Isn’t it better for kids to be learning how to fit exhaust pipes and change tyres instead of playing truant and hanging around town? This is the idea behind one scheme in the UK – called the “Cool Project” – designed to get kids who play truant or who have been expelled back into learning. The 14-to-16-year-olds are exempt from the demands of the national curriculum and are offered instead a range of more practical training opportunities outside school for three days a week (the other two days being spent doing traditional lessons back at school). Pupils can learn how to become car mechanics, plumbers, bricklayers or house painters, for instance. Philip Stroud, 15, one of the pupils on the new scheme confesses: “I didn’t like school. Teachers’d just give you long lectures about something boring or they’d pick on you.” He appreciates the different approach taken by the instructors. “I never used to listen to my teachers. They got on my nerves and I got on theirs. But here I listen because the stuff we do is interesting.” Philip has begun to learn how to fit tyres and exhausts, and hopes to get a vocational qualification. “It means that I can get a job when I’m older, instead of doing exams and stuff.” Those who run the project acknowledge that teenagers who don’t have a talent for or any interest in academic subjects often have problems at secondary school because they are turned off by the traditional diet of maths, physics and foreign languages. “An academic education may be appropriate for the vast majority of youngsters, but we have to accept that work-related learning can reap benefits for the rest.” Explaining their approach, one of the project leaders said, “Our first priority is to boost their self-esteem, and then we have to get them to realize how rewarding it can be to learn a new skill.”

 

Questions

1. In your own words, what is the aim of the “Cool Project”?

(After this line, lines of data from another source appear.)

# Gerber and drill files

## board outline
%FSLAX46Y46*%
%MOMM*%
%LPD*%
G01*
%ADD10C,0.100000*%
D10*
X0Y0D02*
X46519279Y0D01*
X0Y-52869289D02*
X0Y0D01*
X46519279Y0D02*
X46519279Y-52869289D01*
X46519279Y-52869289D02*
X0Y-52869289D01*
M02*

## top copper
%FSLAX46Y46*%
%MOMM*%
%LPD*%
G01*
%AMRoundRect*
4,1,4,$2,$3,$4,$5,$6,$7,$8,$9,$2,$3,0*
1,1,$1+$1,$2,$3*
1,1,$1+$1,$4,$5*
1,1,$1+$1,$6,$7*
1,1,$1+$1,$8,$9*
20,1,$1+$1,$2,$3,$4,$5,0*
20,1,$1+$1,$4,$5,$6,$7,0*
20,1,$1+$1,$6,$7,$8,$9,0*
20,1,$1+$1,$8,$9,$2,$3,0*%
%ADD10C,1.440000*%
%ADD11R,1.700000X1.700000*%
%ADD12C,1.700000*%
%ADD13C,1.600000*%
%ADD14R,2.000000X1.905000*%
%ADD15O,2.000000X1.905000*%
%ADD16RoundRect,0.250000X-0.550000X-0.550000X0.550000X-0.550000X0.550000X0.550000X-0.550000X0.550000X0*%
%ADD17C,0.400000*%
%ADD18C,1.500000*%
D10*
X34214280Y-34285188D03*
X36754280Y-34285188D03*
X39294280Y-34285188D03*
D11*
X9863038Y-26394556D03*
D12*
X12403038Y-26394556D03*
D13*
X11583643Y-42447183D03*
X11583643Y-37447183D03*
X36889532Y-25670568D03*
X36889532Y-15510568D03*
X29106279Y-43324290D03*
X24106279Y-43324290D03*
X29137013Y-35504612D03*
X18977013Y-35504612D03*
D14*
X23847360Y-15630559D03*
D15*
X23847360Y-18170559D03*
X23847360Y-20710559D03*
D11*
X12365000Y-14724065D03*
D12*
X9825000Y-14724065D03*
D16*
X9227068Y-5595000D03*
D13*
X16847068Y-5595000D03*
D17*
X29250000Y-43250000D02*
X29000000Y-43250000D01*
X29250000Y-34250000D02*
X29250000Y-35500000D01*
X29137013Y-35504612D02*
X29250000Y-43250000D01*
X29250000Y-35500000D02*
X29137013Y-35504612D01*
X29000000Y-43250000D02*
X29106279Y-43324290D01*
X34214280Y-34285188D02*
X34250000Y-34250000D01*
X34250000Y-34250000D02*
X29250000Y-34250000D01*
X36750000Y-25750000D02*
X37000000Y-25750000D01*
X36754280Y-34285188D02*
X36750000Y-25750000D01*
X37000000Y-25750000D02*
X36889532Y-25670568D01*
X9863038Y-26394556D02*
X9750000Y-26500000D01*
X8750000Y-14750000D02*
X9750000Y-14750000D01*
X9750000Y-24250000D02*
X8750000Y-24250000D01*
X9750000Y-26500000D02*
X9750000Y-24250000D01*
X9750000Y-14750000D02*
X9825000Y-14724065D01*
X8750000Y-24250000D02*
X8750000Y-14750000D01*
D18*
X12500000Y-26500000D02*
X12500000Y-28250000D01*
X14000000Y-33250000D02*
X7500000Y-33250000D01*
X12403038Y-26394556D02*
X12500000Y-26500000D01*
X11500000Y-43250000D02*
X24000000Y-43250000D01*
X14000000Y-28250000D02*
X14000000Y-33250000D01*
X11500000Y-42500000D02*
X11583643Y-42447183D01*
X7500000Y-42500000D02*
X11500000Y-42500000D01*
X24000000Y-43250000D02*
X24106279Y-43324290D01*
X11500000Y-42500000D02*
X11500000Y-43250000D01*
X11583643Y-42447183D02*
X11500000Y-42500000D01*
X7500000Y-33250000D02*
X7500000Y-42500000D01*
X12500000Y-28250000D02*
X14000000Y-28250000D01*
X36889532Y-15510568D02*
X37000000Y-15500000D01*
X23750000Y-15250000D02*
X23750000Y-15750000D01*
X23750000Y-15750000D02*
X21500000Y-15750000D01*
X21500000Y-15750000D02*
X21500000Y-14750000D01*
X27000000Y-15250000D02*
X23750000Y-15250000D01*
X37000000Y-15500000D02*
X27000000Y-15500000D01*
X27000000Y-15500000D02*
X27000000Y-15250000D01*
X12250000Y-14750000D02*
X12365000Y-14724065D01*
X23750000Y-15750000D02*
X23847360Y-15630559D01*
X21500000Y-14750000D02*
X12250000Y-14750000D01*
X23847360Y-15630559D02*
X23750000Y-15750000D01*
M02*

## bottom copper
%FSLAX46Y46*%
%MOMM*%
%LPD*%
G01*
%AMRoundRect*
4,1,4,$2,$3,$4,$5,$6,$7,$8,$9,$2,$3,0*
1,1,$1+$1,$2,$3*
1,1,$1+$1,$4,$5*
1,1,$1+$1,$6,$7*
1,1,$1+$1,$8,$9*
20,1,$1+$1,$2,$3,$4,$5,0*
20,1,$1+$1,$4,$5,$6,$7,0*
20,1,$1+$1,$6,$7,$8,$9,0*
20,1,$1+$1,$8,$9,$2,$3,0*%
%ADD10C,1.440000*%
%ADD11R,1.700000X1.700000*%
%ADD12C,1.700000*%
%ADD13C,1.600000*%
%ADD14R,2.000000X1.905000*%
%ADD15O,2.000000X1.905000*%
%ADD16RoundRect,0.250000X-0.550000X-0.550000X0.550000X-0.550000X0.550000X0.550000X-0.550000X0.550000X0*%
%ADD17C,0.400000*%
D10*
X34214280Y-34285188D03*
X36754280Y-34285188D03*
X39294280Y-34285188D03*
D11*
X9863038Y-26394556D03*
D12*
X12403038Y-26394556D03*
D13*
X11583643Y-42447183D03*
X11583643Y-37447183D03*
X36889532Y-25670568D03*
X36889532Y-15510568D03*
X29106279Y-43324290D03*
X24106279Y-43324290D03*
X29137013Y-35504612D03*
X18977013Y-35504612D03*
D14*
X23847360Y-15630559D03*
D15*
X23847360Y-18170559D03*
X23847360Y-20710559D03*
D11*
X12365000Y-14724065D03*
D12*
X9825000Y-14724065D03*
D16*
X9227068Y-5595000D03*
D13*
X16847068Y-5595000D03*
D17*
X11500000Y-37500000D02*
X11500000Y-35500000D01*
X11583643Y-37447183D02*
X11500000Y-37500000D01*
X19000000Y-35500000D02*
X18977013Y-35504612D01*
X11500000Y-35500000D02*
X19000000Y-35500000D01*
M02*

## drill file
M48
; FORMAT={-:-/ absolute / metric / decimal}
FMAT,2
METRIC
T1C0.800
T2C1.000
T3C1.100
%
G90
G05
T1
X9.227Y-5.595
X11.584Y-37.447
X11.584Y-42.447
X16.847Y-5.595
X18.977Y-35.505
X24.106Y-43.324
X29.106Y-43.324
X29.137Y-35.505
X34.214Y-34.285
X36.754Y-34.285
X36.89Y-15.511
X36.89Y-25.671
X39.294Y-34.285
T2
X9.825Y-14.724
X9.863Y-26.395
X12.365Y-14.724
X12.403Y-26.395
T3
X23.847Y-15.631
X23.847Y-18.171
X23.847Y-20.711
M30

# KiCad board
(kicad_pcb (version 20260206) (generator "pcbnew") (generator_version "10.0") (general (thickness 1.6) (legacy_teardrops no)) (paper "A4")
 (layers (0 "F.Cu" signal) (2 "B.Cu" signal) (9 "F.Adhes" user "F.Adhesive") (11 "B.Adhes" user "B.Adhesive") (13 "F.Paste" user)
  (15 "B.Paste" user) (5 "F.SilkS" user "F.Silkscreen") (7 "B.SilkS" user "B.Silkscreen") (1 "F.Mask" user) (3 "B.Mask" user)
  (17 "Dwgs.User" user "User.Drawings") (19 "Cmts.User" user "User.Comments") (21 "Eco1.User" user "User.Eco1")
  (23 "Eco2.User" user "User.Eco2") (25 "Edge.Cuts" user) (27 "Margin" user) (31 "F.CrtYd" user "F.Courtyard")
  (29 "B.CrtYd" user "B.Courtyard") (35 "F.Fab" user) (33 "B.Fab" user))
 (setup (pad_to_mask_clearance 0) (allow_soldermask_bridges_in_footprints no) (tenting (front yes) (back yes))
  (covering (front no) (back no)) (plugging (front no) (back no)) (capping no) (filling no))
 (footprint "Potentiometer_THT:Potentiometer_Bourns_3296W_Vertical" (layer "F.Cu") (at 34.21428 34.285188 180)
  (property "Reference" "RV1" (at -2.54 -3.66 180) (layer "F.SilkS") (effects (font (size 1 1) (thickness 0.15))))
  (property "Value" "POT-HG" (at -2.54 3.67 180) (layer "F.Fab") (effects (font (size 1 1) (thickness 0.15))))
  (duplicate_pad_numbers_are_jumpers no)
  (pad "1" thru_hole circle (at 0 0 180) (size 1.44 1.44) (drill 0.8) (layers "*.Cu" "*.Mask") (remove_unused_layers no) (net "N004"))
  (pad "2" thru_hole circle (at -2.54 0 180) (size 1.44 1.44) (drill 0.8) (layers "*.Cu" "*.Mask") (remove_unused_layers no) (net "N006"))
  (pad "3" thru_hole circle (at -5.08 0 180) (size 1.44 1.44) (drill 0.8) (layers "*.Cu" "*.Mask") (remove_unused_layers no)))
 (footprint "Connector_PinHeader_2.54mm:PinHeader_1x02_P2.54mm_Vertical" (layer "F.Cu") (at 9.863038 26.394556 90)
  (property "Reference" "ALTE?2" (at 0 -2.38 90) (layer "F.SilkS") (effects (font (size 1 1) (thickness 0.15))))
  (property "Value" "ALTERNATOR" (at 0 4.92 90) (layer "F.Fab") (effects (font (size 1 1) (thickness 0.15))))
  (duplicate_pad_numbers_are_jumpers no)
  (pad "1" thru_hole rect (at 0 0 90) (size 1.7 1.7) (drill 1) (layers "*.Cu" "*.Mask") (remove_unused_layers no) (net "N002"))
  (pad "2" thru_hole circle (at 0 2.54 90) (size 1.7 1.7) (drill 1) (layers "*.Cu" "*.Mask") (remove_unused_layers no) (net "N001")))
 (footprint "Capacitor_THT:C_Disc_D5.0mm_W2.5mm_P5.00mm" (layer "F.Cu") (at 11.583643 42.447183 90)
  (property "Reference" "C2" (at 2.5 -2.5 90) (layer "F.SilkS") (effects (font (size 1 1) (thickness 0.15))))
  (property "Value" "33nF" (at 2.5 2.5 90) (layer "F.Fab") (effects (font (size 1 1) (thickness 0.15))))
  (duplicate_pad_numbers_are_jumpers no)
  (pad "1" thru_hole circle (at 0 0 90) (size 1.6 1.6) (drill 0.8) (layers "*.Cu" "*.Mask") (remove_unused_layers no) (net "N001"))
  (pad "2" thru_hole circle (at 5 0 90) (size 1.6 1.6) (drill 0.8) (layers "*.Cu" "*.Mask") (remove_unused_layers no) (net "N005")))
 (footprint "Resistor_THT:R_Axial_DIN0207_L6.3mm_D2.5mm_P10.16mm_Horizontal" (layer "F.Cu") (at 36.889532 25.670568 90)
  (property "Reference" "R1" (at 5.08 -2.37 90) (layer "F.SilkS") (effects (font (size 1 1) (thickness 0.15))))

2. Why didn’t Philip like the teachers at school?

3. What is his immediate ambition now?

4. What is implied in the last paragraph about the effect that their previous schools had had on the way these teenagers felt about themselves?

 

Vocabulary

1. You have probably heard the phrase “You really turn me on” in songs (used when boys or girls are talking about how sexy someone else is). In the passage we read about boys being turned off. What do you think that means here?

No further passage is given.